Task 5: Unexecuted Test Coverage

Files: - Create: tests/test_drqv2_update.py - Create: tests/test_drqv2_trainer_smoke.py - Modify: tests/test_package_api_exports.py - Modify: tests/test_public_api.py - Modify: tests/test_experiment_manager.py - Modify: tests/test_cli.py - Modify: tests/test_checkpoint_workflows.py - Modify: tests/test_package_smoke.py - Modify: tests/test_module_contracts.py

Step 1: Add unit coverage

Add a narrow learner test that validates tensor shapes, metric keys, and one update call for the new algorithm.

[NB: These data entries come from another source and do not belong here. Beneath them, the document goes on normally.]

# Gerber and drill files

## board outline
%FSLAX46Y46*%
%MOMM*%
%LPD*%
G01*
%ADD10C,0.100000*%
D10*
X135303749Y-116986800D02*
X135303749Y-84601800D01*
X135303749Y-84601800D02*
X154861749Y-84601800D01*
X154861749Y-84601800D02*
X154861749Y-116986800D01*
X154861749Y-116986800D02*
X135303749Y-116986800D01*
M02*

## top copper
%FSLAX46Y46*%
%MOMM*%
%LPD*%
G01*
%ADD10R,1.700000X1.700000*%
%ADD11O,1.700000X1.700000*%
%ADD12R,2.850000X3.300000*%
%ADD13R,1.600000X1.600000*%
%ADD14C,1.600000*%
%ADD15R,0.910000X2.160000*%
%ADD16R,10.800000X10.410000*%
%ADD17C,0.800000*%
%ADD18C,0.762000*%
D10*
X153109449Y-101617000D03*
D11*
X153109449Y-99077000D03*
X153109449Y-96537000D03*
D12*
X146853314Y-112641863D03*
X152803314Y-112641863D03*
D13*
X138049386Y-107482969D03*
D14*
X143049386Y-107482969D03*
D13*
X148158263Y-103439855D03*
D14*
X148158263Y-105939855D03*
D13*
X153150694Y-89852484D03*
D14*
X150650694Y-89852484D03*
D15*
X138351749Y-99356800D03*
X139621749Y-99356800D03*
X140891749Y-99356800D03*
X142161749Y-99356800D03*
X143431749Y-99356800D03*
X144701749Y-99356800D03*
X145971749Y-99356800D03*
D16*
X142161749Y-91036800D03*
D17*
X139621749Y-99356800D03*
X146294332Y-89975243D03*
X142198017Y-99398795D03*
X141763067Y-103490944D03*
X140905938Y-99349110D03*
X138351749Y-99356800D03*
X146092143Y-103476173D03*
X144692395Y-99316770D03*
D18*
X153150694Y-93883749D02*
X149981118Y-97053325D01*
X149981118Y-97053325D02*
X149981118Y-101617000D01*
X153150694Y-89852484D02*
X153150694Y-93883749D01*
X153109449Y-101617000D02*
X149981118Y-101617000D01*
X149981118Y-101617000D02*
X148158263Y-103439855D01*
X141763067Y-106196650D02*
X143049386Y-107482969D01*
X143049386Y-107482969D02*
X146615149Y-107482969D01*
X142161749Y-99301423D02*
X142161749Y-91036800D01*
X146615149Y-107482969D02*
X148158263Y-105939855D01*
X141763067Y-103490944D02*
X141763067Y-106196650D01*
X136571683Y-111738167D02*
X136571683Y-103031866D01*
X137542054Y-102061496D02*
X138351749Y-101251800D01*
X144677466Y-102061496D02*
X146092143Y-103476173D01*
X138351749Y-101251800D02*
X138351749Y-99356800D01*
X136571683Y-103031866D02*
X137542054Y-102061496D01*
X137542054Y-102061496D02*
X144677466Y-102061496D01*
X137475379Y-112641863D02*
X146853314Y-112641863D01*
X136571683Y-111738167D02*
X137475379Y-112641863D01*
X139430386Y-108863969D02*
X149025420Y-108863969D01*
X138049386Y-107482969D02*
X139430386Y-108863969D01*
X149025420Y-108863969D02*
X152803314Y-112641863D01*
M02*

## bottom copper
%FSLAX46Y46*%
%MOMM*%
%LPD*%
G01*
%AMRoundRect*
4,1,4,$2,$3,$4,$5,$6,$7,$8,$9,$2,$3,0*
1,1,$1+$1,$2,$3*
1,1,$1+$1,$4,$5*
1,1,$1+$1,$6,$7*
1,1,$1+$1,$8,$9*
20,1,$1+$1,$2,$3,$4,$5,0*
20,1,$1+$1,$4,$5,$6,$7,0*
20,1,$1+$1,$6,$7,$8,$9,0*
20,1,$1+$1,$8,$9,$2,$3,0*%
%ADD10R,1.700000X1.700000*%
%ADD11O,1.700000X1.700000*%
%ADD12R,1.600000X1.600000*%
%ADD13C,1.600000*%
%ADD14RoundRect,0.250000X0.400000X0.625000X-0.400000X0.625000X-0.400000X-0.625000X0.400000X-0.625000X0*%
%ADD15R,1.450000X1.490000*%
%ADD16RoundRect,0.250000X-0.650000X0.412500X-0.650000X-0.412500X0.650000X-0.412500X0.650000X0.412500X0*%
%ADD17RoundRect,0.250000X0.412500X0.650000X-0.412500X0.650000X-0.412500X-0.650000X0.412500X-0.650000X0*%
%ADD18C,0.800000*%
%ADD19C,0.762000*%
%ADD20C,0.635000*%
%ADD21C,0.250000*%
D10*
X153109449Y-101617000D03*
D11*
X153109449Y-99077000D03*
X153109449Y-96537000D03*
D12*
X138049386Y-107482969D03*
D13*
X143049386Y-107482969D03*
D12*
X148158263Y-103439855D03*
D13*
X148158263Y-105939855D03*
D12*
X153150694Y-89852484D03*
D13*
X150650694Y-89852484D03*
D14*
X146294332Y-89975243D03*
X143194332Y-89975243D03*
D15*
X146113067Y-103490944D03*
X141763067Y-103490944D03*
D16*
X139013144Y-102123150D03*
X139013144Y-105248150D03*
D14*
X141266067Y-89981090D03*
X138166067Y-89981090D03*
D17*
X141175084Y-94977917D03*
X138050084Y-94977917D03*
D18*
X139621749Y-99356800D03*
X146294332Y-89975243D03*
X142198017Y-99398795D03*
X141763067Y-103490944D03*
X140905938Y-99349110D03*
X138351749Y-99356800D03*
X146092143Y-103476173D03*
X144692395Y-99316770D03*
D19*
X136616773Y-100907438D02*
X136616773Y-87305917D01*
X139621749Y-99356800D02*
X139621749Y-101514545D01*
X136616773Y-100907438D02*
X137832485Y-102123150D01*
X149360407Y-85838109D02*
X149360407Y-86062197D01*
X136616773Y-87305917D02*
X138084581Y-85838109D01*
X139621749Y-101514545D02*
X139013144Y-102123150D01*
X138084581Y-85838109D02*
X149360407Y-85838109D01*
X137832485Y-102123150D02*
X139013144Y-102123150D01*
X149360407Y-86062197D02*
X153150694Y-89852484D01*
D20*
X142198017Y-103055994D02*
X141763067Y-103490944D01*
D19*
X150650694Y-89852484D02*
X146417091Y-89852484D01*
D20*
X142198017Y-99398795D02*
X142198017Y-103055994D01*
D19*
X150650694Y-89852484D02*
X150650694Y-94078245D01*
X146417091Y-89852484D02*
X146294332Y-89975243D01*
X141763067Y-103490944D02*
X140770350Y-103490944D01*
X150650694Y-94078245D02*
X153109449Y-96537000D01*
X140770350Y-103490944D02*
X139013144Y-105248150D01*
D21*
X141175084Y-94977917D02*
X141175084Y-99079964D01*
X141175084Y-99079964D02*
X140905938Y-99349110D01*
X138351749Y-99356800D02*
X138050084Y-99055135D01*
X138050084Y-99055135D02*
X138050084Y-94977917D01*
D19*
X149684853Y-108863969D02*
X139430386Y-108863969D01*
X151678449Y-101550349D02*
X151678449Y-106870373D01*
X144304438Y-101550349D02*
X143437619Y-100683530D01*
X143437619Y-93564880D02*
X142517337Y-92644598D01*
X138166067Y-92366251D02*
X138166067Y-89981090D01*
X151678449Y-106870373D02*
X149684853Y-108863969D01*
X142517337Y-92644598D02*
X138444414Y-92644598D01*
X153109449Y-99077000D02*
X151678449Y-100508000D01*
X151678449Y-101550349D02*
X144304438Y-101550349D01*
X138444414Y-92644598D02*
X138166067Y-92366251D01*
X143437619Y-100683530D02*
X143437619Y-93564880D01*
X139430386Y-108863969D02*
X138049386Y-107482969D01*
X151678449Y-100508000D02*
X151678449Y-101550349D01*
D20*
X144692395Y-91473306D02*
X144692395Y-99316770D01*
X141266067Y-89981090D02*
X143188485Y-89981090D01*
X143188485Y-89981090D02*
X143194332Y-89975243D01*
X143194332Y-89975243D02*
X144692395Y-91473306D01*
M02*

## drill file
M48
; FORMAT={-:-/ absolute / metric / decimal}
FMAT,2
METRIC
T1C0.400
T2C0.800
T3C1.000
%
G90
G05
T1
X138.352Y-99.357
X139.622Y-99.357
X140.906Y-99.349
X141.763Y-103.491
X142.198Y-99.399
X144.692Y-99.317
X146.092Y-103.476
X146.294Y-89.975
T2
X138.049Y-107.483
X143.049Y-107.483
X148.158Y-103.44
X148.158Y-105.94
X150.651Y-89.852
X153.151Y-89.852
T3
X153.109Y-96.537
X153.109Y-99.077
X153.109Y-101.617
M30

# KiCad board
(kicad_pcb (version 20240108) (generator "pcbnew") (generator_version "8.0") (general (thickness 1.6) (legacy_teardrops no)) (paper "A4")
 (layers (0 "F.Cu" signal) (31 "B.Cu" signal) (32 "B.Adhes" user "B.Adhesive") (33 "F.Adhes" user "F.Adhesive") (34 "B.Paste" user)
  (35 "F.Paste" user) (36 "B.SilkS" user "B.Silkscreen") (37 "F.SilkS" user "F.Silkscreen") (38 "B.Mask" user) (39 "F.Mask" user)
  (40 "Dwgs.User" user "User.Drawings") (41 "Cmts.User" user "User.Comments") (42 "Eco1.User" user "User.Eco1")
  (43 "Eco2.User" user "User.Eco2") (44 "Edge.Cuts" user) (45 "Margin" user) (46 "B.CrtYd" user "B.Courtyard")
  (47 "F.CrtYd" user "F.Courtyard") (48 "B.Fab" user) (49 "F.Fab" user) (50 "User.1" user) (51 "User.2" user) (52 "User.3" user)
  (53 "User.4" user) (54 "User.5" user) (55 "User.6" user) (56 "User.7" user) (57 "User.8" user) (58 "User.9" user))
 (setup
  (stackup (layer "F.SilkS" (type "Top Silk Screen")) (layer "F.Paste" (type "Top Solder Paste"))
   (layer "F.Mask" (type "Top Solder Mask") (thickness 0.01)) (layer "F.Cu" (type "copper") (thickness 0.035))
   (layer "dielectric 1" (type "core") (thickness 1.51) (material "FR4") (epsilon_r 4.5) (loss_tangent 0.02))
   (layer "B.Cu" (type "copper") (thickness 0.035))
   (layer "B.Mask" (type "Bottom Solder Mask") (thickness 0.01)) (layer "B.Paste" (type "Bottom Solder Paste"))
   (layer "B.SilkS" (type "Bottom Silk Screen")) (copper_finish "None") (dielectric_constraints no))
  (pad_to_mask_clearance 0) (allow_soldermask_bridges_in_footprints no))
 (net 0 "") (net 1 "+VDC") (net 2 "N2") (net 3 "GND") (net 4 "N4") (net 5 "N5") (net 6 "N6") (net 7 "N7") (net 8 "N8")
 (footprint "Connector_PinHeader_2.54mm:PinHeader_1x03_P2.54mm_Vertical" (layer "F.Cu") (at 153.109449 101.617 180)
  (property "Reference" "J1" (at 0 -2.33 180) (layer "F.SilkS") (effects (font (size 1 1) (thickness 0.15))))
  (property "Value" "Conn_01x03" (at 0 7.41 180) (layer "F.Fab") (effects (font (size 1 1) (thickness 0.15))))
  (pad "1" thru_hole rect (at 0 0 180) (size 1.7 1.7) (drill 1) (layers "*.Cu" "*.Mask") (remove_unused_layers no) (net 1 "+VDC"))
  (pad "2" thru_hole oval (at 0 2.54 180) (size 1.7 1.7) (drill 1) (layers "*.Cu" "*.Mask") (remove_unused_layers no) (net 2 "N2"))
  (pad "3" thru_hole oval (at 0 5.08 180) (size 1.7 1.7) (drill 1) (layers "*.Cu" "*.Mask") (remove_unused_layers no) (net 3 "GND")))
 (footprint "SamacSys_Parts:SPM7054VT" (layer "F.Cu") (at 149.828314 112.641863)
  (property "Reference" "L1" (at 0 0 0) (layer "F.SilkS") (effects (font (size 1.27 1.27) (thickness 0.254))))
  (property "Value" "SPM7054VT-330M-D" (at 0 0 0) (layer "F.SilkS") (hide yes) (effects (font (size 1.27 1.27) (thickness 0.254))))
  (pad "1" smd rect (at -2.975 0) (size 2.85 3.3) (layers "F.Cu" "F.Paste" "F.Mask") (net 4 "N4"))
  (pad "2" smd rect (at 2.975 0) (size 2.85 3.3) (layers "F.Cu" "F.Paste" "F.Mask") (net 2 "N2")))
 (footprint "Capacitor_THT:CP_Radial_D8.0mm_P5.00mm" (layer "F.Cu") (at 138.049386 107.482969)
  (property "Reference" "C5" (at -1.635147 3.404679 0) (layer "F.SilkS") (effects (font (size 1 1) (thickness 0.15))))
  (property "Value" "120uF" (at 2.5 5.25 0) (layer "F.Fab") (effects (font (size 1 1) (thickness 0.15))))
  (pad "1" thru_hole rect (at 0 0) (size 1.6 1.6) (drill 0.8) (layers "*.Cu" "*.Mask") (remove_unused_layers no) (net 2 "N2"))
  (pad "2" thru_hole circle (at 5 0) (size 1.6 1.6) (drill 0.8) (layers "*.Cu" "*.Mask") (remove_unused_layers no) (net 3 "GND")))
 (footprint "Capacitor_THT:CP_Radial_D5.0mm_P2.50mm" (layer "F.Cu") (at 148.158263 103.439855 -90)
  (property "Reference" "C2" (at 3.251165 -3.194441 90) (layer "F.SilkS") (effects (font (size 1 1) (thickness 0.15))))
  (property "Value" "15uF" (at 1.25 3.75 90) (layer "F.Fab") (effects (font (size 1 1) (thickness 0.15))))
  (pad "1" thru_hole rect (at 0 0 270) (size 1.6 1.6) (drill 0.8) (layers "*.Cu" "*.Mask") (remove_unused_layers no) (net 1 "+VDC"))
  (pad "2" thru_hole circle (at 2.5 0 270) (size 1.6 1.6) (drill 0.8) (layers "*.Cu" "*.Mask") (remove_unused_layers no) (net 3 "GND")))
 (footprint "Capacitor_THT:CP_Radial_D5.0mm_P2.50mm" (layer "F.Cu") (at 153.150694 89.852484 180)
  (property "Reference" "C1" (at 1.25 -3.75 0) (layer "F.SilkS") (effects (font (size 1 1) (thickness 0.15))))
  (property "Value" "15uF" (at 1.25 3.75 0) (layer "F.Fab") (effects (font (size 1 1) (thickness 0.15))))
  (pad "1" thru_hole rect (at 0 0 180) (size 1.6 1.6) (drill 0.8) (layers "*.Cu" "*.Mask") (remove_unused_layers no) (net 1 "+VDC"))
  (pad "2" thru_hole circle (at 2.5 0 180) (size 1.6 1.6) (drill 0.8) (layers "*.Cu" "*.Mask") (remove_unused_layers no) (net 3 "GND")))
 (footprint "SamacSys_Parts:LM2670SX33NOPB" (layer "F.Cu") (at 142.161749 91.5868 -90)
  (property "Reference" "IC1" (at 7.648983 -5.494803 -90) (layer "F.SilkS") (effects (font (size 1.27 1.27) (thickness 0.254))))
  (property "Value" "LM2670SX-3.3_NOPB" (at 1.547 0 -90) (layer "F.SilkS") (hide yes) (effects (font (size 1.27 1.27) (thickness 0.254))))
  (pad "1" smd rect (at 7.77 3.81) (size 0.91 2.16) (layers "F.Cu" "F.Paste" "F.Mask") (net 4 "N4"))
  (pad "2" smd rect (at 7.77 2.54) (size 0.91 2.16) (layers "F.Cu" "F.Paste" "F.Mask") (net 1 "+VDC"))
  (pad "3" smd rect (at 7.77 1.27) (size 0.91 2.16) (layers "F.Cu" "F.Paste" "F.Mask") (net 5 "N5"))
  (pad "4" smd rect (at 7.77 0) (size 0.91 2.16) (layers "F.Cu" "F.Paste" "F.Mask") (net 3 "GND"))
  (pad "5" smd rect (at 7.77 -1.27) (size 0.91 2.16) (layers "F.Cu" "F.Paste" "F.Mask") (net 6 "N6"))
  (pad "6" smd rect (at 7.77 -2.54) (size 0.91 2.16) (layers "F.Cu" "F.Paste" "F.Mask") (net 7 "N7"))
  (pad "7" smd rect (at 7.77 -3.81) (size 0.91 2.16) (layers "F.Cu" "F.Paste" "F.Mask") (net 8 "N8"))
  (pad "8" smd rect (at -0.55 0 270) (size 10.41 10.8) (layers "F.Cu" "F.Paste" "F.Mask") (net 3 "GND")))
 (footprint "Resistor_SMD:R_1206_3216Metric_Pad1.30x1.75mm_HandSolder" (layer "B.Cu") (at 144.744332 89.975243 180)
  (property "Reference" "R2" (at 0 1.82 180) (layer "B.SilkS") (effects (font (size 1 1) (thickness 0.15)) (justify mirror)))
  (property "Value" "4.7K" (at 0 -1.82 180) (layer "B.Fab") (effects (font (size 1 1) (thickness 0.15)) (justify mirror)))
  (pad "1" smd roundrect (at -1.55 0 180) (size 1.3 1.75) (layers "B.Cu" "B.Paste" "B.Mask") (roundrect_rratio 0.192308) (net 3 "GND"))
  (pad "2" smd roundrect (at 1.55 0 180) (size 1.3 1.75) (layers "B.Cu" "B.Paste" "B.Mask") (roundrect_rratio 0.192308) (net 7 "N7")))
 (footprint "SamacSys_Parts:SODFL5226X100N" (layer "B.Cu") (at 143.938067 103.490944 180)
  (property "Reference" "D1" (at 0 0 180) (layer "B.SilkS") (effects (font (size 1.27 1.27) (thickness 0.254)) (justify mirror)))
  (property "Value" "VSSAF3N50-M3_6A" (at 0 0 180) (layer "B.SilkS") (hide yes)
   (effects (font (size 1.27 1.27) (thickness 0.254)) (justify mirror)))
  (pad "1" smd rect (at -2.175 0 180) (size 1.45 1.49) (layers "B.Cu" "B.Paste" "B.Mask") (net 4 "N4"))
  (pad "2" smd rect (at 2.175 0 180) (size 1.45 1.49) (layers "B.Cu" "B.Paste" "B.Mask") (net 3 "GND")))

Step 2: Add a smoke trainer test

Register a tiny image continuous-control test environment and add a smoke test that verifies checkpoint creation and evaluation wiring for train_drqv2(...).

Step 3: Update public-surface tests

Extend the package export and experiment-manager expectations so DrQ-v2 is treated like the rest of the shipped algorithm surface.

Step 4: Leave execution to a later verification pass

Keep all test execution commands deferred until the user explicitly asks for verification.